● Work request: If a line below contains the string "reference", copy it out.

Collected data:
§ §

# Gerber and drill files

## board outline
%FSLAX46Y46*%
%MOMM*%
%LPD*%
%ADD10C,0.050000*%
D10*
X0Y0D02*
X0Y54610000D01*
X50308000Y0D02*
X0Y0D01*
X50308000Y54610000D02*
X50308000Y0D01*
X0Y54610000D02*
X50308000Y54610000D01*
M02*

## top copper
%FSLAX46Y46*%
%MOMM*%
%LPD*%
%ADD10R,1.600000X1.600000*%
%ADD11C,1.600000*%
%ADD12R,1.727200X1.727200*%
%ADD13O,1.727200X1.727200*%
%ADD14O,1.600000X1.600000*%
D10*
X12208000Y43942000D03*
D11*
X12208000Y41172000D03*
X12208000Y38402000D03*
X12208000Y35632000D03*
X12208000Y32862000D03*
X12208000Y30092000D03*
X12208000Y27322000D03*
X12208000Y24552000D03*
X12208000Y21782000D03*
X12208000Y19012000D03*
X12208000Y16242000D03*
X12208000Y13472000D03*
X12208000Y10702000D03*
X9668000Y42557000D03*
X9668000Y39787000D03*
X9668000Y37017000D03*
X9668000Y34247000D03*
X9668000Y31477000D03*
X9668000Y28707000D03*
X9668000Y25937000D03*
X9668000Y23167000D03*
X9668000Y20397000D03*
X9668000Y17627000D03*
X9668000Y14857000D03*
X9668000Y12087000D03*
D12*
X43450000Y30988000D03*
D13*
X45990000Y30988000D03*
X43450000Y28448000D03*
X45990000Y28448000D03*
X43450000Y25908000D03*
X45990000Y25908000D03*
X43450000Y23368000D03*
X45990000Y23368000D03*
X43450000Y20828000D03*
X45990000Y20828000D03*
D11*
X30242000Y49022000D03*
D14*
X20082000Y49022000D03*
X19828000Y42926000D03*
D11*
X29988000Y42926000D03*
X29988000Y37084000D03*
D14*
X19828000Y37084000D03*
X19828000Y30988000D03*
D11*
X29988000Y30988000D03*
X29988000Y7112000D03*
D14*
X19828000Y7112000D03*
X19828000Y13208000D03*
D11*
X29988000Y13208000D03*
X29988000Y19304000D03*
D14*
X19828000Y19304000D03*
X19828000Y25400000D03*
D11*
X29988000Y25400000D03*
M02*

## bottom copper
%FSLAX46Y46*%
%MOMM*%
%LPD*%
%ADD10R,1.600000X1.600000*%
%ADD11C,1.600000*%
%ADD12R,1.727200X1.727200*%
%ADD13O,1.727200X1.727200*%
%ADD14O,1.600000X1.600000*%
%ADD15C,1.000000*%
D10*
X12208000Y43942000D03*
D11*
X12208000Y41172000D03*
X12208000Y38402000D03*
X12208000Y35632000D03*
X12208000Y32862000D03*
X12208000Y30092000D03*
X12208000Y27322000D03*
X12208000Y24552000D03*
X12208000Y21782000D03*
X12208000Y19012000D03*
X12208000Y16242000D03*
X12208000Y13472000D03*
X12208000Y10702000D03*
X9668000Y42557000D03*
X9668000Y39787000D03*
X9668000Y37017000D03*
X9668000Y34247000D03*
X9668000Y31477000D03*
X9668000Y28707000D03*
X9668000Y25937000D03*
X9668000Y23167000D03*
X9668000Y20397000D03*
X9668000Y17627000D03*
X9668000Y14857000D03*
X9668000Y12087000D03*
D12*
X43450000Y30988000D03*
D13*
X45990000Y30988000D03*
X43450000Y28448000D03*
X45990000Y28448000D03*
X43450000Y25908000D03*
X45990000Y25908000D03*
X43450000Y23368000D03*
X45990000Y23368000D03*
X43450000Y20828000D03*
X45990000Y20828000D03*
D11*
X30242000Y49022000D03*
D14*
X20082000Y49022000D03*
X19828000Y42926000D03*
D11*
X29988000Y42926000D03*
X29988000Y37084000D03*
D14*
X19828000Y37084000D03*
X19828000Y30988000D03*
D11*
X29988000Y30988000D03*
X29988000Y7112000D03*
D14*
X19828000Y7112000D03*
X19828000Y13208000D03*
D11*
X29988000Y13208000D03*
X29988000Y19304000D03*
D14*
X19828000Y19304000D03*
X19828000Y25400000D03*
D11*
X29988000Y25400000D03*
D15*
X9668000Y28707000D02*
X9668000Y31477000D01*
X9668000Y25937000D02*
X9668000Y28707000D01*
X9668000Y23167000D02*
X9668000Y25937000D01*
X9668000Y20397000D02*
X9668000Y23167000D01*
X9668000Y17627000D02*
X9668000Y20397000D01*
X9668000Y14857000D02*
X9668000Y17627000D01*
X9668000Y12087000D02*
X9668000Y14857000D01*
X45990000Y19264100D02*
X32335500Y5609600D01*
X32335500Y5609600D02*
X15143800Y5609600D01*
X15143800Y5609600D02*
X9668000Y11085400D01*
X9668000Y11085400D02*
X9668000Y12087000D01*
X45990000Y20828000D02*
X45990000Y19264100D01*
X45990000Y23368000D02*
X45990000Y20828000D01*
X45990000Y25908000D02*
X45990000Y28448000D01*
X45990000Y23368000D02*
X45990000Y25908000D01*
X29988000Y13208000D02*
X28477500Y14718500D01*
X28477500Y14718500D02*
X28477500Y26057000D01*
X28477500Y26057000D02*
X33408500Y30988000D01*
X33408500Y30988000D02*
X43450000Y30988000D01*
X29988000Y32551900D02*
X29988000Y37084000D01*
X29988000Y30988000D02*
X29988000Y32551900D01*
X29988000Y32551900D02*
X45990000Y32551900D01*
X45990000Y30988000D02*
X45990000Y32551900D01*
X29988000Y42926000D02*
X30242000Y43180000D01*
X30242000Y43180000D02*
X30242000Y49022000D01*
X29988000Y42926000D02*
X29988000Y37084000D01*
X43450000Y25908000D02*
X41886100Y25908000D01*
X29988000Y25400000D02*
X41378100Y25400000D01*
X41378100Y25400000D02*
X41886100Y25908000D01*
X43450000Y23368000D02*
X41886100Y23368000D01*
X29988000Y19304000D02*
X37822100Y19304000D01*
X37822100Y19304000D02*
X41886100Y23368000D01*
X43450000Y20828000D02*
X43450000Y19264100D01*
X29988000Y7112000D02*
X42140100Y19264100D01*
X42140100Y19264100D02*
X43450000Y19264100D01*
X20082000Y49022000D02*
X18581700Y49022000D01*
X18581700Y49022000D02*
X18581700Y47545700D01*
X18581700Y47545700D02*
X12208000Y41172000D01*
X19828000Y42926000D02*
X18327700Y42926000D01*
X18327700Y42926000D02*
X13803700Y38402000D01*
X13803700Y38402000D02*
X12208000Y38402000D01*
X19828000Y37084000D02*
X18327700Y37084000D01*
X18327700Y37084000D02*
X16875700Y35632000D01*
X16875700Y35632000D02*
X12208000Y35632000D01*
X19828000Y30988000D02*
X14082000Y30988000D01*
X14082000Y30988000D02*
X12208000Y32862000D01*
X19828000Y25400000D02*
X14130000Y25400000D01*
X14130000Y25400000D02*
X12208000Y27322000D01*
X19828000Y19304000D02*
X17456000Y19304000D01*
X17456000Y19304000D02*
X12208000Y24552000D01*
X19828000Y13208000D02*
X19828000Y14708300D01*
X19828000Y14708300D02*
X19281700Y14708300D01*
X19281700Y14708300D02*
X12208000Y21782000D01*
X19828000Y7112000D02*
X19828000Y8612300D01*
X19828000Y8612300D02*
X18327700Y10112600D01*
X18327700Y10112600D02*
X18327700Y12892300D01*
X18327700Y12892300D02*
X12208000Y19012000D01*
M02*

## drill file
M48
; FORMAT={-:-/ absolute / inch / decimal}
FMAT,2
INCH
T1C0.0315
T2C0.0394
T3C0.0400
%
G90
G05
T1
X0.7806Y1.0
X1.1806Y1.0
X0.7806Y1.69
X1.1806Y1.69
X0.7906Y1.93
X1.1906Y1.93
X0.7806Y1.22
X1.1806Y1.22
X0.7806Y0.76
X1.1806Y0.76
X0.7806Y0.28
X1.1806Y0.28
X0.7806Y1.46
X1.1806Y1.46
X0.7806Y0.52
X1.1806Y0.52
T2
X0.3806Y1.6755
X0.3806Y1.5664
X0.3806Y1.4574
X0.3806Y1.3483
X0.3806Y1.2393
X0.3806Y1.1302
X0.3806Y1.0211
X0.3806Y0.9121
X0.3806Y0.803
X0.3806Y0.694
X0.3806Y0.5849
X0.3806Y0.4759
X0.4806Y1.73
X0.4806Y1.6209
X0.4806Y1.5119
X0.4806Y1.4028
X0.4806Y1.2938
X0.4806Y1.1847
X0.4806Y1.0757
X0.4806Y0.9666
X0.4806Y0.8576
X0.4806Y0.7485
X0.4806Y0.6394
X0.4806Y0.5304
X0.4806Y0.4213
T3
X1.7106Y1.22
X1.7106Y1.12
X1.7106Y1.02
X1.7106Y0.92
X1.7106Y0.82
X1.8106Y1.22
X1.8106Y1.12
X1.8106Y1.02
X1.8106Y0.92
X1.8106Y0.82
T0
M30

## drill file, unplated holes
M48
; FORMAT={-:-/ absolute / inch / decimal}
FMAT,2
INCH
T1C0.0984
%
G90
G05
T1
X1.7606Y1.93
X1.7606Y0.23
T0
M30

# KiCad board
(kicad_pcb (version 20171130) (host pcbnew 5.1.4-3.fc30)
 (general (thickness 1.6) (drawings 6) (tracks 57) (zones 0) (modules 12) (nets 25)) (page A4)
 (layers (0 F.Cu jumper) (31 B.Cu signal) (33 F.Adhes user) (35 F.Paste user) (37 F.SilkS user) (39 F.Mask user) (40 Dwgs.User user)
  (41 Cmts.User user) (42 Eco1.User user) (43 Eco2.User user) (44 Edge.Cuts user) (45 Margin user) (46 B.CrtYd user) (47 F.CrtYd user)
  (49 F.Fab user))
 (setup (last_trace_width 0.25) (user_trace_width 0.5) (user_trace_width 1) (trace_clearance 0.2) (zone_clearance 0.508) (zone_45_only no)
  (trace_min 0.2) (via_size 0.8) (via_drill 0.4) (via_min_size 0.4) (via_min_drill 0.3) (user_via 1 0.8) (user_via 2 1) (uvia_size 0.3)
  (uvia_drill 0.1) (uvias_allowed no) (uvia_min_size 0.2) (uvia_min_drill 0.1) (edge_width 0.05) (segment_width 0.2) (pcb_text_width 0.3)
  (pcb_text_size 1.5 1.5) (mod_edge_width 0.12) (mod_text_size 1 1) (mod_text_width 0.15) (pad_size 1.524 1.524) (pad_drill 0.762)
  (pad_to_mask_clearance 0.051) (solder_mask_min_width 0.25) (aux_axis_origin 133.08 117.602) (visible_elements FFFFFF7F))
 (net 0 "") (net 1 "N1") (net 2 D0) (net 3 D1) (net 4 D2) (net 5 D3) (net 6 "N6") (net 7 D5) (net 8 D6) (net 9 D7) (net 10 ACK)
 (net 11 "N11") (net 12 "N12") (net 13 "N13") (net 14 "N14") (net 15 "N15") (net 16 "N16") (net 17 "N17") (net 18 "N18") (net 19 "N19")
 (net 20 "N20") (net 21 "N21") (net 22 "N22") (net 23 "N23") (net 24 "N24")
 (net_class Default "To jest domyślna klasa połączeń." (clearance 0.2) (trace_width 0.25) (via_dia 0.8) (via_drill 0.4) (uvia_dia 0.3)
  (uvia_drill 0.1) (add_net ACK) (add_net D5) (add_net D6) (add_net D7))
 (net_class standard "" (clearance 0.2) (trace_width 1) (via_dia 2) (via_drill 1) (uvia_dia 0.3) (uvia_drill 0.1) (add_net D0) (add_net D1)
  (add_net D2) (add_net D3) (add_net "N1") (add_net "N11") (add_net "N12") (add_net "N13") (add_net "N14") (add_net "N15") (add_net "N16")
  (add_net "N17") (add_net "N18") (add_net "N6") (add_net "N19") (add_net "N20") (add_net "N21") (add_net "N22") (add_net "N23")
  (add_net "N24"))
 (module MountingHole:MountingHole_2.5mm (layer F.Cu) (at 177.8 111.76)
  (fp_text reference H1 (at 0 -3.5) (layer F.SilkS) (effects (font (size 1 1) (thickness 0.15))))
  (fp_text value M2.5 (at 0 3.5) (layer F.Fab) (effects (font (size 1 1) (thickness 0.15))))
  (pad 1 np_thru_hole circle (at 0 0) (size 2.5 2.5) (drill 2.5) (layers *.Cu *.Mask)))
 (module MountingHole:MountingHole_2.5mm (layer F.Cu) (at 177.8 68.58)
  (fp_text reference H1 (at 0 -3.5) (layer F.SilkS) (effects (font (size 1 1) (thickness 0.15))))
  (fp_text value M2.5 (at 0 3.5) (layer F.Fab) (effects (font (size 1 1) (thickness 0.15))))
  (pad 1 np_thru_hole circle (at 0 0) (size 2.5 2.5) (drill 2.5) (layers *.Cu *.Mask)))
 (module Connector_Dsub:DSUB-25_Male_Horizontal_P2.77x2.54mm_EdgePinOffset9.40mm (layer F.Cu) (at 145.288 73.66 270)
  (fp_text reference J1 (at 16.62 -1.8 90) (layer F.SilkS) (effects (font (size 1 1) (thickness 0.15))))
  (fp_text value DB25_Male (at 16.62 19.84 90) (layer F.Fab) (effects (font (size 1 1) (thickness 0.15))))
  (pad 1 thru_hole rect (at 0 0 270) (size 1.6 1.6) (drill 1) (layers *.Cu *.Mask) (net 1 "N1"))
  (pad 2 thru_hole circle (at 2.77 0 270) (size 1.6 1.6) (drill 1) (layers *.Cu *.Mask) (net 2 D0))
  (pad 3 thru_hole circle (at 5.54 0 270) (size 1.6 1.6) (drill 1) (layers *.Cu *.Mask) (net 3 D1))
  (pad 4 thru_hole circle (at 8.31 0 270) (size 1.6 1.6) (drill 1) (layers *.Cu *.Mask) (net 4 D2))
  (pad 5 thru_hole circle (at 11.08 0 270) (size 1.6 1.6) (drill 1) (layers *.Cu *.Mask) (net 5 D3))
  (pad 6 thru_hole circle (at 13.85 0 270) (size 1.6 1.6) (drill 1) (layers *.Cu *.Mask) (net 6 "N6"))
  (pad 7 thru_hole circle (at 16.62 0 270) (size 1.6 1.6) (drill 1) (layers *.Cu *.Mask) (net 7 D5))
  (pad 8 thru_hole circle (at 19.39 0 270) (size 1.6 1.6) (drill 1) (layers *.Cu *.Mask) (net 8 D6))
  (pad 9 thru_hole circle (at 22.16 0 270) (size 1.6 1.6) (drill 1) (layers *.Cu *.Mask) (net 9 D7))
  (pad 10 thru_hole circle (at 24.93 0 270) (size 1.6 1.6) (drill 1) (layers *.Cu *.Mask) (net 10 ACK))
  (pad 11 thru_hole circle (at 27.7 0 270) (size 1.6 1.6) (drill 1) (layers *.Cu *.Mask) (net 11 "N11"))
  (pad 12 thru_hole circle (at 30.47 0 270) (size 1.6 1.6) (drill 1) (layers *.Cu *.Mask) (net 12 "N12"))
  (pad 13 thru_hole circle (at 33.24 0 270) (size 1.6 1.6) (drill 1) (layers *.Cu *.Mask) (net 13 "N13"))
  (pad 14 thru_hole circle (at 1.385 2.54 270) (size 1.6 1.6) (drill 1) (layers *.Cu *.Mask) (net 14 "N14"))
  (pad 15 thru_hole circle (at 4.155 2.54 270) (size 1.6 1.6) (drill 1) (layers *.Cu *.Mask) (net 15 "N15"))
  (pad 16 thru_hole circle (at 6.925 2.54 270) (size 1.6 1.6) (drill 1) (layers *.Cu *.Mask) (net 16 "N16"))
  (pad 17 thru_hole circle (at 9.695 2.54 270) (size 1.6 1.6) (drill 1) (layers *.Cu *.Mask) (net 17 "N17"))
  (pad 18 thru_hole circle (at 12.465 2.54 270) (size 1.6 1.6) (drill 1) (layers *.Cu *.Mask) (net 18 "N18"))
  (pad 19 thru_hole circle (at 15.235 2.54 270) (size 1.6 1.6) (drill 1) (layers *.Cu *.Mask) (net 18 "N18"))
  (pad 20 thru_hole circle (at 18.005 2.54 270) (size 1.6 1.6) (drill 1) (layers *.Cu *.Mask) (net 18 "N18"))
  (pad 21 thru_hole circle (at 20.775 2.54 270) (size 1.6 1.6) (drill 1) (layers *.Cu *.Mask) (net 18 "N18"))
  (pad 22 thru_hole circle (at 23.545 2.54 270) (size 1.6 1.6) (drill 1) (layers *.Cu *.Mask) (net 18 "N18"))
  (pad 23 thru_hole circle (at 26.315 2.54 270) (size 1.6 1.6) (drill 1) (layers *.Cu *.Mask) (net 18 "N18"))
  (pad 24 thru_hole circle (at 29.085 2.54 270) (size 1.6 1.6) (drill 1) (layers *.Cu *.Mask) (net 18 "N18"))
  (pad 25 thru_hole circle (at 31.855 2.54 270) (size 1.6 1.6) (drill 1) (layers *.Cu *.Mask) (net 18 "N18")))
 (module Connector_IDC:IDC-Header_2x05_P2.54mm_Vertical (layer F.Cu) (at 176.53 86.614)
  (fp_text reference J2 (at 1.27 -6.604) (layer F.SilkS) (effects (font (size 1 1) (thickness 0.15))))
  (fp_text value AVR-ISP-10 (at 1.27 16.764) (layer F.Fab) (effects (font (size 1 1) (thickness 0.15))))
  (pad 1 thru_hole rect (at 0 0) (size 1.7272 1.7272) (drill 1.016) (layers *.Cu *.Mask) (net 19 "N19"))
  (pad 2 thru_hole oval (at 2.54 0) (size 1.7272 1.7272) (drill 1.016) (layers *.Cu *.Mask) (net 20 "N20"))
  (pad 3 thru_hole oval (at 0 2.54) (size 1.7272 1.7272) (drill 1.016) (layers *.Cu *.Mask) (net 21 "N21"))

§ §

● Task answer:
  (fp_text reference H1 (at 0 -3.5) (layer F.SilkS) (effects (font (size 1 1) (thickness 0.15))))
  (fp_text reference H1 (at 0 -3.5) (layer F.SilkS) (effects (font (size 1 1) (thickness 0.15))))
  (fp_text reference J1 (at 16.62 -1.8 90) (layer F.SilkS) (effects (font (size 1 1) (thickness 0.15))))
  (fp_text reference J2 (at 1.27 -6.604) (layer F.SilkS) (effects (font (size 1 1) (thickness 0.15))))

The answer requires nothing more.